■ Work required: Retype, word for word, each line between the lines holding "X225044000Y-141859000D02*" and "X225044000Y-141097000D02*", inclusive, and leave the rest of the data alone.

+++

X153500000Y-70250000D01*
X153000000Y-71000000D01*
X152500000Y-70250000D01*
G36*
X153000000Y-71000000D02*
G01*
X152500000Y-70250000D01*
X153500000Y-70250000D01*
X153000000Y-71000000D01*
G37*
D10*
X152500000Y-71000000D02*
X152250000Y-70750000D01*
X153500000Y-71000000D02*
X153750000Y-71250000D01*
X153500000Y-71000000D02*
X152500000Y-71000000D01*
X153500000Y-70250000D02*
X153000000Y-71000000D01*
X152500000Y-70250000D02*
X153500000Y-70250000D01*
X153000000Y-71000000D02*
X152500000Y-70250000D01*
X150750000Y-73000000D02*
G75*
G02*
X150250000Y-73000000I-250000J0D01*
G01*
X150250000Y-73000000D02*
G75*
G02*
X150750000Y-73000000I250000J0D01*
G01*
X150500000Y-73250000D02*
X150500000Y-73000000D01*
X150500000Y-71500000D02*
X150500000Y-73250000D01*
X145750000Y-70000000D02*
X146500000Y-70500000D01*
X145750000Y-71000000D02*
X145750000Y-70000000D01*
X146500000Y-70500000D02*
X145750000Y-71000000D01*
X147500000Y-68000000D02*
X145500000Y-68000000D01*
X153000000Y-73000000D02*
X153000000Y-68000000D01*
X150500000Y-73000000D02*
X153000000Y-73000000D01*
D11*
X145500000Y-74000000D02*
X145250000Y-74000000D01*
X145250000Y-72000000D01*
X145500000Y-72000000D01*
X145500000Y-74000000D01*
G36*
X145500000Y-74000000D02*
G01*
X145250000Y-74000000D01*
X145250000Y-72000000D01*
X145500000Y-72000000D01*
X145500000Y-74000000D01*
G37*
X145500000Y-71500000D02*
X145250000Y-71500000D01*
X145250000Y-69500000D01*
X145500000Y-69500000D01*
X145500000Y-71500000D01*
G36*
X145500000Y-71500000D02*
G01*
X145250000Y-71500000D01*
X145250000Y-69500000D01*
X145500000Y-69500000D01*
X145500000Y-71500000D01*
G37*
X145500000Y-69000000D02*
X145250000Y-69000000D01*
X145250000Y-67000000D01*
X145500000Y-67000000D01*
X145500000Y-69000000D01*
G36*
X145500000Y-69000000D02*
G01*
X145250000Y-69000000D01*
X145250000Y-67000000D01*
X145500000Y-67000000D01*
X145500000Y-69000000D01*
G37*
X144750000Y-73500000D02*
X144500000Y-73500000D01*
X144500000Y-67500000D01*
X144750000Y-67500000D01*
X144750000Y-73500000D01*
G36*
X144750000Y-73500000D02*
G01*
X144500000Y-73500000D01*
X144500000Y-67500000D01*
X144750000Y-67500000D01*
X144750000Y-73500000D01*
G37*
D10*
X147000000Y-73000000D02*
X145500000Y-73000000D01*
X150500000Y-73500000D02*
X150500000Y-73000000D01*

+++

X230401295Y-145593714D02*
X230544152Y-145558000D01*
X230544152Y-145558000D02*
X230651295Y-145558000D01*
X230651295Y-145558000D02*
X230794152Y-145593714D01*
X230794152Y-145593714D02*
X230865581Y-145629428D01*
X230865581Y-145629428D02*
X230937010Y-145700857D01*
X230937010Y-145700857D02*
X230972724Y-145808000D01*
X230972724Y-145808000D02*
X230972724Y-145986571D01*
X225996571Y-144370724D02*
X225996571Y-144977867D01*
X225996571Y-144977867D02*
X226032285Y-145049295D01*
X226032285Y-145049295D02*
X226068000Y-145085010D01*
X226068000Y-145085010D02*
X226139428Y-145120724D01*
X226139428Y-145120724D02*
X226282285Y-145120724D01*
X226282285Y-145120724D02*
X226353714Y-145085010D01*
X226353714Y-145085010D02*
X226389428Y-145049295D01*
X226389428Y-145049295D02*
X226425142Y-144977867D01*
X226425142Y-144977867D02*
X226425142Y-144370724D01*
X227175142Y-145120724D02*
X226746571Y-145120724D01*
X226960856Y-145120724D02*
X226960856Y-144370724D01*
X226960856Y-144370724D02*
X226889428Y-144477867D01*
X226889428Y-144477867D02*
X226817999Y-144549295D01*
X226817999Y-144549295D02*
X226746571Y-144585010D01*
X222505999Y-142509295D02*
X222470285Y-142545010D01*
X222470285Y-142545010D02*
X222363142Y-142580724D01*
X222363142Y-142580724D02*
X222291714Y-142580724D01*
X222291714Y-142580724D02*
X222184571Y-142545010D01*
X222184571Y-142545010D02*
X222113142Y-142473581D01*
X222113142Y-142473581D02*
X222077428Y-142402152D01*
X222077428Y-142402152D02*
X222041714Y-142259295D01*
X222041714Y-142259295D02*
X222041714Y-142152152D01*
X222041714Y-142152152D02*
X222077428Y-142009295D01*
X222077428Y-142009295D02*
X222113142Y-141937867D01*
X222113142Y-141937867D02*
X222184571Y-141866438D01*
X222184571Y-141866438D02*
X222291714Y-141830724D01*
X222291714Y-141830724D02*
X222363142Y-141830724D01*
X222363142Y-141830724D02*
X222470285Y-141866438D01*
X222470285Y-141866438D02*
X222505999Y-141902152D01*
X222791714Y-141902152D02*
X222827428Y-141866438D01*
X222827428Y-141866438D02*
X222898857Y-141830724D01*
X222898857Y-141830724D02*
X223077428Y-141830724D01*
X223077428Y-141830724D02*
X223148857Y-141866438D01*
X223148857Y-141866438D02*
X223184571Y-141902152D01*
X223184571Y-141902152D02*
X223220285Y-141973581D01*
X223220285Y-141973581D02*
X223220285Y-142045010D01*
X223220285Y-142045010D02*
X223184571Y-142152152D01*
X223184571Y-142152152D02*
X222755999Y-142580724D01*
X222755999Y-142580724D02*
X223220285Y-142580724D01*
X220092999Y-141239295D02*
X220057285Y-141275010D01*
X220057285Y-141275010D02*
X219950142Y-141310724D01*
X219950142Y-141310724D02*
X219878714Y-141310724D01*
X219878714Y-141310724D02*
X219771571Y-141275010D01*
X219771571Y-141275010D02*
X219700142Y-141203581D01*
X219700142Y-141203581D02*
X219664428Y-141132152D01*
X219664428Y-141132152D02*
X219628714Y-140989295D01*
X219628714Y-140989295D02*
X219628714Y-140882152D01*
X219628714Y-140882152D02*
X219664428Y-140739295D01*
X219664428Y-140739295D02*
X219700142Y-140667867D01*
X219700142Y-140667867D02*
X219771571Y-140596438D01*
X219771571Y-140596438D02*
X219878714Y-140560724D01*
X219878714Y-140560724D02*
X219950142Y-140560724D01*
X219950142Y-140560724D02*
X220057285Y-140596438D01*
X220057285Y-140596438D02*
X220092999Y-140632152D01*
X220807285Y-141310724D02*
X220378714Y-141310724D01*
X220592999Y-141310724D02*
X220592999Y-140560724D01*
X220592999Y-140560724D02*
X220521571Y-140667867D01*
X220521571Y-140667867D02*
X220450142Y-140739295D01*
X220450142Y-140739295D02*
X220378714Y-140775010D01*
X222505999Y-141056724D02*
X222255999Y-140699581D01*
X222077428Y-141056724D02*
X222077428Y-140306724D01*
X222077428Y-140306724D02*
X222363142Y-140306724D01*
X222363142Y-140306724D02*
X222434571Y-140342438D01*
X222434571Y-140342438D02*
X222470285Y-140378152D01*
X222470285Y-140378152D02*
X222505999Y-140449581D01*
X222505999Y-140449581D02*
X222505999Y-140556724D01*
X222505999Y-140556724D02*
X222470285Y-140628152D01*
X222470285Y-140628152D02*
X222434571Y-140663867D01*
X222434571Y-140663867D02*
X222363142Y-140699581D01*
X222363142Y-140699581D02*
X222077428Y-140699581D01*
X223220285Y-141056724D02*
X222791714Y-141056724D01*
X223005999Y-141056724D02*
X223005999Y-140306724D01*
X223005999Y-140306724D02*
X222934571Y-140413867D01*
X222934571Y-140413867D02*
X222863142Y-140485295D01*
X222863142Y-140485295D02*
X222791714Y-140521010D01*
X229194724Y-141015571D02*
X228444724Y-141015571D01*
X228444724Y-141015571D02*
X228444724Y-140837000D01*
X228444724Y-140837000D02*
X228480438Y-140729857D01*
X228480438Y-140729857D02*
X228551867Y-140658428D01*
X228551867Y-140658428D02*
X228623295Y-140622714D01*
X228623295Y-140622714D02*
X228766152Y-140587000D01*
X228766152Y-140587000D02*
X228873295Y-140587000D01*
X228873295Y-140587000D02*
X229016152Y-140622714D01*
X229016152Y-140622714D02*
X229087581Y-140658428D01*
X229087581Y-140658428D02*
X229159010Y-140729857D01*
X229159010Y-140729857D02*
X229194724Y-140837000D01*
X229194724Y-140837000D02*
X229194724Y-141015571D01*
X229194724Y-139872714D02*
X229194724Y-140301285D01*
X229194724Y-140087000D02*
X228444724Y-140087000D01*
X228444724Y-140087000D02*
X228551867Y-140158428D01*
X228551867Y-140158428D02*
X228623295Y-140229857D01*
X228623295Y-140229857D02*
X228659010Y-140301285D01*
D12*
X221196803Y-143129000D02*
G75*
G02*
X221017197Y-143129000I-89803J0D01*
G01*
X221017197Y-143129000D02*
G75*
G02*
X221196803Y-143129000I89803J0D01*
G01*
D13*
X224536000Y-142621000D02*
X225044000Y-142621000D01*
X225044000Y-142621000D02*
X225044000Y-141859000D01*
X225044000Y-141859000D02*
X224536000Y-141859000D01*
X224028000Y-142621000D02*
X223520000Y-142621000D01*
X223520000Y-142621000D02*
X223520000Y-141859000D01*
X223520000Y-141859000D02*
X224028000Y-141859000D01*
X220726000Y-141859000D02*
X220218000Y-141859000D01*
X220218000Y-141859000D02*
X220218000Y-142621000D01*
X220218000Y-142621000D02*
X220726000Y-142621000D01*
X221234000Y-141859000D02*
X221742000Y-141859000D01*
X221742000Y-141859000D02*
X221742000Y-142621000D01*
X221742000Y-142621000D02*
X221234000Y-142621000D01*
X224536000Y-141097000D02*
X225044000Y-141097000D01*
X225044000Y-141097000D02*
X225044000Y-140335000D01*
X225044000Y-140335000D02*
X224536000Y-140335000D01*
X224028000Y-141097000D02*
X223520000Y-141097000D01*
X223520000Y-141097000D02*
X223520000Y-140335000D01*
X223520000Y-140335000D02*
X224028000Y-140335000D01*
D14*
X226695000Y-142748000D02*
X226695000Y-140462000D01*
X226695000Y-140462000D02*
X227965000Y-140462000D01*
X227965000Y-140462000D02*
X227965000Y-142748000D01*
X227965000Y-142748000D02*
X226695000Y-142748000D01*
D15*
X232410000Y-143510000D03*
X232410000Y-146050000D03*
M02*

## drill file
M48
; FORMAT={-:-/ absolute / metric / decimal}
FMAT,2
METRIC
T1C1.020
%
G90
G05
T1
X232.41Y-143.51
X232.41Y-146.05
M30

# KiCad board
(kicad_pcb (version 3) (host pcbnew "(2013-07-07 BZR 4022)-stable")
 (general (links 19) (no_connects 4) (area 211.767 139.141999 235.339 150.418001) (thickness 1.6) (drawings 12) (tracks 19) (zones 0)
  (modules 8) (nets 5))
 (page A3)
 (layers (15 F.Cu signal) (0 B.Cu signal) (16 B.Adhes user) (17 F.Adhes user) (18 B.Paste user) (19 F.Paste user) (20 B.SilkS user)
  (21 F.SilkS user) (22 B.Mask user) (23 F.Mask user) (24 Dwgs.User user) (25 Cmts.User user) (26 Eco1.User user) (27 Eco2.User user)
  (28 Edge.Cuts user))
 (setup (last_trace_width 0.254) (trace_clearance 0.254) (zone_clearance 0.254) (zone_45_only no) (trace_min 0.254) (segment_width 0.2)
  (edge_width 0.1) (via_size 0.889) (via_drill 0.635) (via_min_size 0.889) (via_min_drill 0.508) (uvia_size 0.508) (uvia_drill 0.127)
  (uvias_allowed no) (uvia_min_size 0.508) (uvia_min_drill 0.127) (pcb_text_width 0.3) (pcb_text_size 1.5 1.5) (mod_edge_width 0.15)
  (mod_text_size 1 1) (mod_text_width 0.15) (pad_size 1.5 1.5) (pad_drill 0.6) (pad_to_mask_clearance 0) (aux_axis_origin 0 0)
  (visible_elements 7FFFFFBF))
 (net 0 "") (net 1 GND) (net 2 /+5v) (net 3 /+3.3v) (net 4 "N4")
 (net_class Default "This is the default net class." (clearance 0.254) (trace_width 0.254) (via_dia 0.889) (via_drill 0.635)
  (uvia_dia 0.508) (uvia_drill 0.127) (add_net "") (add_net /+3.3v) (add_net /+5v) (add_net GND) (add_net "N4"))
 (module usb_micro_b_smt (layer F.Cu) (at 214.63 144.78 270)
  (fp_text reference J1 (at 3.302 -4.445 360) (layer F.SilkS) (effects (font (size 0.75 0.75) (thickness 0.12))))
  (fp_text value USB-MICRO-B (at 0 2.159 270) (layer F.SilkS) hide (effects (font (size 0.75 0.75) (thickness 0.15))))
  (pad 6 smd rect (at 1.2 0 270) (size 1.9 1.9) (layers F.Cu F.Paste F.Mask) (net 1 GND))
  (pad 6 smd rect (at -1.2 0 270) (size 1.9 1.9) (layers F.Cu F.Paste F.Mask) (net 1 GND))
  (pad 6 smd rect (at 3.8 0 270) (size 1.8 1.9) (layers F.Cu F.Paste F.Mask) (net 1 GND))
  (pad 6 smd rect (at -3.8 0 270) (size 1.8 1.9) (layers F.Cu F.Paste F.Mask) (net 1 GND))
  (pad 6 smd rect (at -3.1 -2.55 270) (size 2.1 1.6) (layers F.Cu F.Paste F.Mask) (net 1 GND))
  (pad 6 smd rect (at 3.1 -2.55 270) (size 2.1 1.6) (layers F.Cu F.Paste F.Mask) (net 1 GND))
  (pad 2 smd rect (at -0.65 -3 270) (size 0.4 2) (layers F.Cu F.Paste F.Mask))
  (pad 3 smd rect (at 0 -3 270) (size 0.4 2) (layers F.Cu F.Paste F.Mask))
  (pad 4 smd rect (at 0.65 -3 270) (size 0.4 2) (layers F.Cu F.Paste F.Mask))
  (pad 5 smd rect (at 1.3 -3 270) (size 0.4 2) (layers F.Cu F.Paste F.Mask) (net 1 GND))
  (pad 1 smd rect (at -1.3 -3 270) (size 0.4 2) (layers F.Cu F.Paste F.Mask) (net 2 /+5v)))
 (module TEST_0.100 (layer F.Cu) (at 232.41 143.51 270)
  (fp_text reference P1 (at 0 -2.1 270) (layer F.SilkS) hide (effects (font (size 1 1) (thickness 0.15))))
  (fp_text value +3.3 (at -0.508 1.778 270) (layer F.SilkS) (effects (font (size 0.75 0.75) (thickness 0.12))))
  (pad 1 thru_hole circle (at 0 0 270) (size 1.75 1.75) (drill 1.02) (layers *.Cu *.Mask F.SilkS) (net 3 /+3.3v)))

+++

■ Solution:
X225044000Y-141859000D02*
X224536000Y-141859000D01*
X224028000Y-142621000D02*
X223520000Y-142621000D01*
X223520000Y-142621000D02*
X223520000Y-141859000D01*
X223520000Y-141859000D02*
X224028000Y-141859000D01*
X220726000Y-141859000D02*
X220218000Y-141859000D01*
X220218000Y-141859000D02*
X220218000Y-142621000D01*
X220218000Y-142621000D02*
X220726000Y-142621000D01*
X221234000Y-141859000D02*
X221742000Y-141859000D01*
X221742000Y-141859000D02*
X221742000Y-142621000D01*
X221742000Y-142621000D02*
X221234000Y-142621000D01*
X224536000Y-141097000D02*
X225044000Y-141097000D01*
X225044000Y-141097000D02*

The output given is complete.